Kokroma employs six tailors, all women, and Gurung claims she pays them a ‘fair wage’.
‘Not a bed of roses’
While Gurung believes in a fair pay policy, it seems her products sold well from day one. “Nope, they didn’t,” Gurung laughs before immediately wearing a sad mask on her face, “The first days were as frustrating as hell. By December 2018, we made 20 sets but no one purchased it. Then I approached my relatives.”
“One afternoon in February this year, I went to a relative with my set. She didn’t like it. I got disappointed.” Gurung went to a coffee shop in Bauddha “just to cool down.” She had the rejected apparel set in her hand.

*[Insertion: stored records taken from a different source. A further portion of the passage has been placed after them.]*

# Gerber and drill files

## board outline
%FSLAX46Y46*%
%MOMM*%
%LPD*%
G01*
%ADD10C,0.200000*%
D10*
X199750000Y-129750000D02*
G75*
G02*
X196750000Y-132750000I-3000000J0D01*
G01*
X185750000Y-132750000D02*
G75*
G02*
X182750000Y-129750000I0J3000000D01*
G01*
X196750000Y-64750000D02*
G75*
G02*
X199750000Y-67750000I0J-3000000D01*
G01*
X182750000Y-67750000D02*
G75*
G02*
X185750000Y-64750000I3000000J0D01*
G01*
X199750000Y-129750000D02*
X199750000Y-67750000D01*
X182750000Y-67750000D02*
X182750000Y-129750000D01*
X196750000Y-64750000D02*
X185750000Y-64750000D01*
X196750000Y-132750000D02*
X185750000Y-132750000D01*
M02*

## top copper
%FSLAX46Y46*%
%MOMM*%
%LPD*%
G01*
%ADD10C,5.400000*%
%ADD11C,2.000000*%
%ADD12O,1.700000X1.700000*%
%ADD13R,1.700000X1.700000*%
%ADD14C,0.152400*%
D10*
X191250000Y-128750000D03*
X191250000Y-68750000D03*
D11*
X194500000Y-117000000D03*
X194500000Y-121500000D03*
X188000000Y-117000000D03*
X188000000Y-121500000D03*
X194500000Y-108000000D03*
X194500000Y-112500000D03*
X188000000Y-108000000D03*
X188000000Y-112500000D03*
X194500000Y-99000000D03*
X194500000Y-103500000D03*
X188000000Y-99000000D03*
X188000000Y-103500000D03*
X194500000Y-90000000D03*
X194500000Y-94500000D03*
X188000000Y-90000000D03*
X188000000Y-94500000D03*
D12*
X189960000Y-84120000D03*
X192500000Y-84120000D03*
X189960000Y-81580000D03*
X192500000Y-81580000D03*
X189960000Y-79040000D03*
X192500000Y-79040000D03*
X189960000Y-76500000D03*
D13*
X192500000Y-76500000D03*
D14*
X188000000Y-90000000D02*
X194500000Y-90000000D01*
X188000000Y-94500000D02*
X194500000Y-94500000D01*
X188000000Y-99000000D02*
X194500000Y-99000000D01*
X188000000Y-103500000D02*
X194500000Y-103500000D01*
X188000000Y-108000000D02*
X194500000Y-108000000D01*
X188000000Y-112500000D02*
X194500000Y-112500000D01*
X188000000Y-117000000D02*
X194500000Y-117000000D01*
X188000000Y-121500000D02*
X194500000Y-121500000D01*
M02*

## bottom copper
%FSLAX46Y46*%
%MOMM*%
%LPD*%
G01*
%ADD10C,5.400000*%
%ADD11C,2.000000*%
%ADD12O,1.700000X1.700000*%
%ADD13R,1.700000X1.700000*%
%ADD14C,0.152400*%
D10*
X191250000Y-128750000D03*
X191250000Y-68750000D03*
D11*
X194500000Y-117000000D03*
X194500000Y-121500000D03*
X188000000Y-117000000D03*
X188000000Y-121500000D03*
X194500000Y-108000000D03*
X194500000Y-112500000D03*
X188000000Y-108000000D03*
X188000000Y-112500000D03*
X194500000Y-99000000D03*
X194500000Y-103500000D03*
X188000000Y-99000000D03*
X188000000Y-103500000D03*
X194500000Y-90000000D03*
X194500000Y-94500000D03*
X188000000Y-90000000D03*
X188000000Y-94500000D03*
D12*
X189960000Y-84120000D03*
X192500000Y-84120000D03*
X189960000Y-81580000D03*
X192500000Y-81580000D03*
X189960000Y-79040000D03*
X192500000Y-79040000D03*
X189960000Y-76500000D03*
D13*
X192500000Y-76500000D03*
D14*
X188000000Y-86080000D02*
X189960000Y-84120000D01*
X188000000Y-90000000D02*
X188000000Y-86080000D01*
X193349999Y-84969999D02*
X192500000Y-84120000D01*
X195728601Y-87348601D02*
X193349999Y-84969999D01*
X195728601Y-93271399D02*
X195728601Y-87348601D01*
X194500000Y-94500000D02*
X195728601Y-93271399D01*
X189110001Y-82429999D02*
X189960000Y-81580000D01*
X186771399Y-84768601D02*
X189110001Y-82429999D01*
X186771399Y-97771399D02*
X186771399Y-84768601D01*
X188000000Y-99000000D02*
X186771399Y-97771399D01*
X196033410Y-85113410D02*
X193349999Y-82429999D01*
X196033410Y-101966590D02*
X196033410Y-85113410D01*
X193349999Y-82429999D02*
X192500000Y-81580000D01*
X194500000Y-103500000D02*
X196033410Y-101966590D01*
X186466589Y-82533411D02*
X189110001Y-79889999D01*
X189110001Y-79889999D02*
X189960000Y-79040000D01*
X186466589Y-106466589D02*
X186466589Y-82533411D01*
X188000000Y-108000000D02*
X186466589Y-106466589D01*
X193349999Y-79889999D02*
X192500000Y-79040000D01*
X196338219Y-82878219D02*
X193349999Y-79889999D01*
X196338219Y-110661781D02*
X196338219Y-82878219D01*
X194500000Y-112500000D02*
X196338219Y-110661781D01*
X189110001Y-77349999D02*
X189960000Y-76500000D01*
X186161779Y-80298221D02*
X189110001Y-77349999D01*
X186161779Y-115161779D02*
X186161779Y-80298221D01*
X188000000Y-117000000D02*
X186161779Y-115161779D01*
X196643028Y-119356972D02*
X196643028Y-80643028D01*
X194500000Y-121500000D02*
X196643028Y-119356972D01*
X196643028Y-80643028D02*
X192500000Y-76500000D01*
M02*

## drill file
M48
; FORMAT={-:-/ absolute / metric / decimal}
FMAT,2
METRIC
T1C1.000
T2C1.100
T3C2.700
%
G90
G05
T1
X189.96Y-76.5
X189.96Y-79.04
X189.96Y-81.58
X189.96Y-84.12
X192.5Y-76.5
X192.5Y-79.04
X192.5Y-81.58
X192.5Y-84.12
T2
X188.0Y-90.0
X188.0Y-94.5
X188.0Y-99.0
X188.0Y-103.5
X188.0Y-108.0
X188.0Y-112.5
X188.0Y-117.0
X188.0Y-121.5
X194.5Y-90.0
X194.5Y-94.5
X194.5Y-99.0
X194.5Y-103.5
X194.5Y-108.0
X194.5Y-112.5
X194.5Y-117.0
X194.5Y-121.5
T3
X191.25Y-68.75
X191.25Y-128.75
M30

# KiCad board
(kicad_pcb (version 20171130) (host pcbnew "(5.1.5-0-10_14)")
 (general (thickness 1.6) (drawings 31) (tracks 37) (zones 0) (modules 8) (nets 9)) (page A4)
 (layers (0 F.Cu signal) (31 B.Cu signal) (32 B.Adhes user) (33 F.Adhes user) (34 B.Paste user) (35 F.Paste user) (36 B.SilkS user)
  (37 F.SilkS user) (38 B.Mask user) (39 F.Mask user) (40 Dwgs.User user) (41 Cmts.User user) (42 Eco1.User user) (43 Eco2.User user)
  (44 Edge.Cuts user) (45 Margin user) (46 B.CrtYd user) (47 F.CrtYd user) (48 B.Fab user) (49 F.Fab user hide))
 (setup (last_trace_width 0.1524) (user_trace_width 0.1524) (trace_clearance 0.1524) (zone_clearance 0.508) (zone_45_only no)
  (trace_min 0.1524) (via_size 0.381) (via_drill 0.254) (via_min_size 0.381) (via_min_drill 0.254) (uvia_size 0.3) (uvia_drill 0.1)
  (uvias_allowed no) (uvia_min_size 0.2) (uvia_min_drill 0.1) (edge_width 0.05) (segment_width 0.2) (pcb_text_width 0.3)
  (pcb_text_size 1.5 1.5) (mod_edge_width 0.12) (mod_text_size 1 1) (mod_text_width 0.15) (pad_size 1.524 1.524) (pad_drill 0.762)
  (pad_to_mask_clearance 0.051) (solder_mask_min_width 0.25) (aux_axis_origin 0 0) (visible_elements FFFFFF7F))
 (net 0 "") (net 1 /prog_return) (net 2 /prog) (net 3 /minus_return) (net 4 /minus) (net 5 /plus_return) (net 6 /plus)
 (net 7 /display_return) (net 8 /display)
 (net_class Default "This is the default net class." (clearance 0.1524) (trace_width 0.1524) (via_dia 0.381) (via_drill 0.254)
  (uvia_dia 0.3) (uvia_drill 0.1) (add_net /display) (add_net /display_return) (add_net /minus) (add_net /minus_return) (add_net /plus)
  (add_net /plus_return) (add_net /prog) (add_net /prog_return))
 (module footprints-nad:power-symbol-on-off (layer F.Cu) (at 185.25 92.25 270)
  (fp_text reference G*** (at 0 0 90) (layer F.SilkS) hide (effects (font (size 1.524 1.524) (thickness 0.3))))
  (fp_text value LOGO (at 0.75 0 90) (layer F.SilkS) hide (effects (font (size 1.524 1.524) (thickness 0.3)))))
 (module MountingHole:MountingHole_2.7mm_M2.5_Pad (layer F.Cu) (at 191.25 128.75)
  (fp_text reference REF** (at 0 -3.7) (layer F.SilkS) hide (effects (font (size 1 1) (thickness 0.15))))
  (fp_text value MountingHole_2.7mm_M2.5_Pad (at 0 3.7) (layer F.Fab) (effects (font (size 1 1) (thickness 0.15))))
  (pad 1 thru_hole circle (at 0 0) (size 5.4 5.4) (drill 2.7) (layers *.Cu *.Mask)))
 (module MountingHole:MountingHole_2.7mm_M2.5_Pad (layer F.Cu) (at 191.25 68.75)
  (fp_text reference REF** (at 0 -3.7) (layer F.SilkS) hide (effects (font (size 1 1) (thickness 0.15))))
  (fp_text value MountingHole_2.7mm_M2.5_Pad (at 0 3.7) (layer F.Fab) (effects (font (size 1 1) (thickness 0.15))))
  (pad 1 thru_hole circle (at 0 0) (size 5.4 5.4) (drill 2.7) (layers *.Cu *.Mask)))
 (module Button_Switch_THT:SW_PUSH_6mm (layer F.Cu) (at 188 117)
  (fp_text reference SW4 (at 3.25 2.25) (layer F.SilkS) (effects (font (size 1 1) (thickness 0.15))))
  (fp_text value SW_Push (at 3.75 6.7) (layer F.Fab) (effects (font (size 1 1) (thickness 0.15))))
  (pad 1 thru_hole circle (at 6.5 0 90) (size 2 2) (drill 1.1) (layers *.Cu *.Mask) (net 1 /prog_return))
  (pad 2 thru_hole circle (at 6.5 4.5 90) (size 2 2) (drill 1.1) (layers *.Cu *.Mask) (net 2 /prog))
  (pad 1 thru_hole circle (at 0 0 90) (size 2 2) (drill 1.1) (layers *.Cu *.Mask) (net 1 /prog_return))
  (pad 2 thru_hole circle (at 0 4.5 90) (size 2 2) (drill 1.1) (layers *.Cu *.Mask) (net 2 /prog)))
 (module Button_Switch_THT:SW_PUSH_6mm (layer F.Cu) (at 188 108)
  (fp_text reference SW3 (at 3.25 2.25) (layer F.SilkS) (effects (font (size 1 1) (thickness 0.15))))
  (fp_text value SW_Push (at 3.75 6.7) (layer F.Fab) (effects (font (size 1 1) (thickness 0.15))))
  (pad 1 thru_hole circle (at 6.5 0 90) (size 2 2) (drill 1.1) (layers *.Cu *.Mask) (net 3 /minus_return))
  (pad 2 thru_hole circle (at 6.5 4.5 90) (size 2 2) (drill 1.1) (layers *.Cu *.Mask) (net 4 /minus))
  (pad 1 thru_hole circle (at 0 0 90) (size 2 2) (drill 1.1) (layers *.Cu *.Mask) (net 3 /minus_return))
  (pad 2 thru_hole circle (at 0 4.5 90) (size 2 2) (drill 1.1) (layers *.Cu *.Mask) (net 4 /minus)))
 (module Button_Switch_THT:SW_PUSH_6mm (layer F.Cu) (at 188 99)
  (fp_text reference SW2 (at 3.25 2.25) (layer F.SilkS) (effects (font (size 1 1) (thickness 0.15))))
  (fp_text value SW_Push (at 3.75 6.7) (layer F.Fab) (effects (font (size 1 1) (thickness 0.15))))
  (pad 1 thru_hole circle (at 6.5 0 90) (size 2 2) (drill 1.1) (layers *.Cu *.Mask) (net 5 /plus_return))
  (pad 2 thru_hole circle (at 6.5 4.5 90) (size 2 2) (drill 1.1) (layers *.Cu *.Mask) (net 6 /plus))
  (pad 1 thru_hole circle (at 0 0 90) (size 2 2) (drill 1.1) (layers *.Cu *.Mask) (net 5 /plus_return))
  (pad 2 thru_hole circle (at 0 4.5 90) (size 2 2) (drill 1.1) (layers *.Cu *.Mask) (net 6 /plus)))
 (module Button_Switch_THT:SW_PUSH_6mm (layer F.Cu) (at 188 90)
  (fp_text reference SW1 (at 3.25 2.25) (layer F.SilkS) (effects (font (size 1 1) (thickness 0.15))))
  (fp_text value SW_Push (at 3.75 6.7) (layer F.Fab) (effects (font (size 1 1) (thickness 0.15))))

“At the cafe, beside me appeared a foreign lady who asked me what I was carrying. I explained it to her. She listened to me carefully and gave me her email address, suggesting I could write to her if I would ever need any financial support for the project,” the woman recalls, “I didn’t believe. A five-minute meeting cannot lead you to any fund. Nevertheless, I wrote to her.”
After a few days, she got the response, a commitment to provide USD 15,000 as a grant in different instalments. Cristina Henriquez from the US has provided her USD 6,000 so far. Gurung hired her first staff and purchased seven secondhand sewing machines with Henriquez’ support. So far, in total, Gurung has spent around two million (USD 20,000 approximately) in the business.
In the meantime, Wornell, the Finnish filmmaker, helped her promote the products in the international market. He also designed the brand’s website and other publicity materials. Today, Gurung considers Wornell her mentor and an integral part of the team. The sexagenarian is living in Nepal for the next two years to study Nepali language, and she hopes to ‘exploit’ his expertise during this period for Kokroma’s promotion.
After passing through depressing days, Kokroma has just been a self-sustaining business, Gurung claims, adding her monthly revenue is Rs 200,000 whereas monthly expense amounts to around Rs 100,000 these days.
“But, there are still many challenges for startups,” Gurung says adding Nepali customers think that made-in-Nepal products should be cheaper than the imported ones irrespective of the quality. “The customers do not recognise and respect local brands and we want to change it.”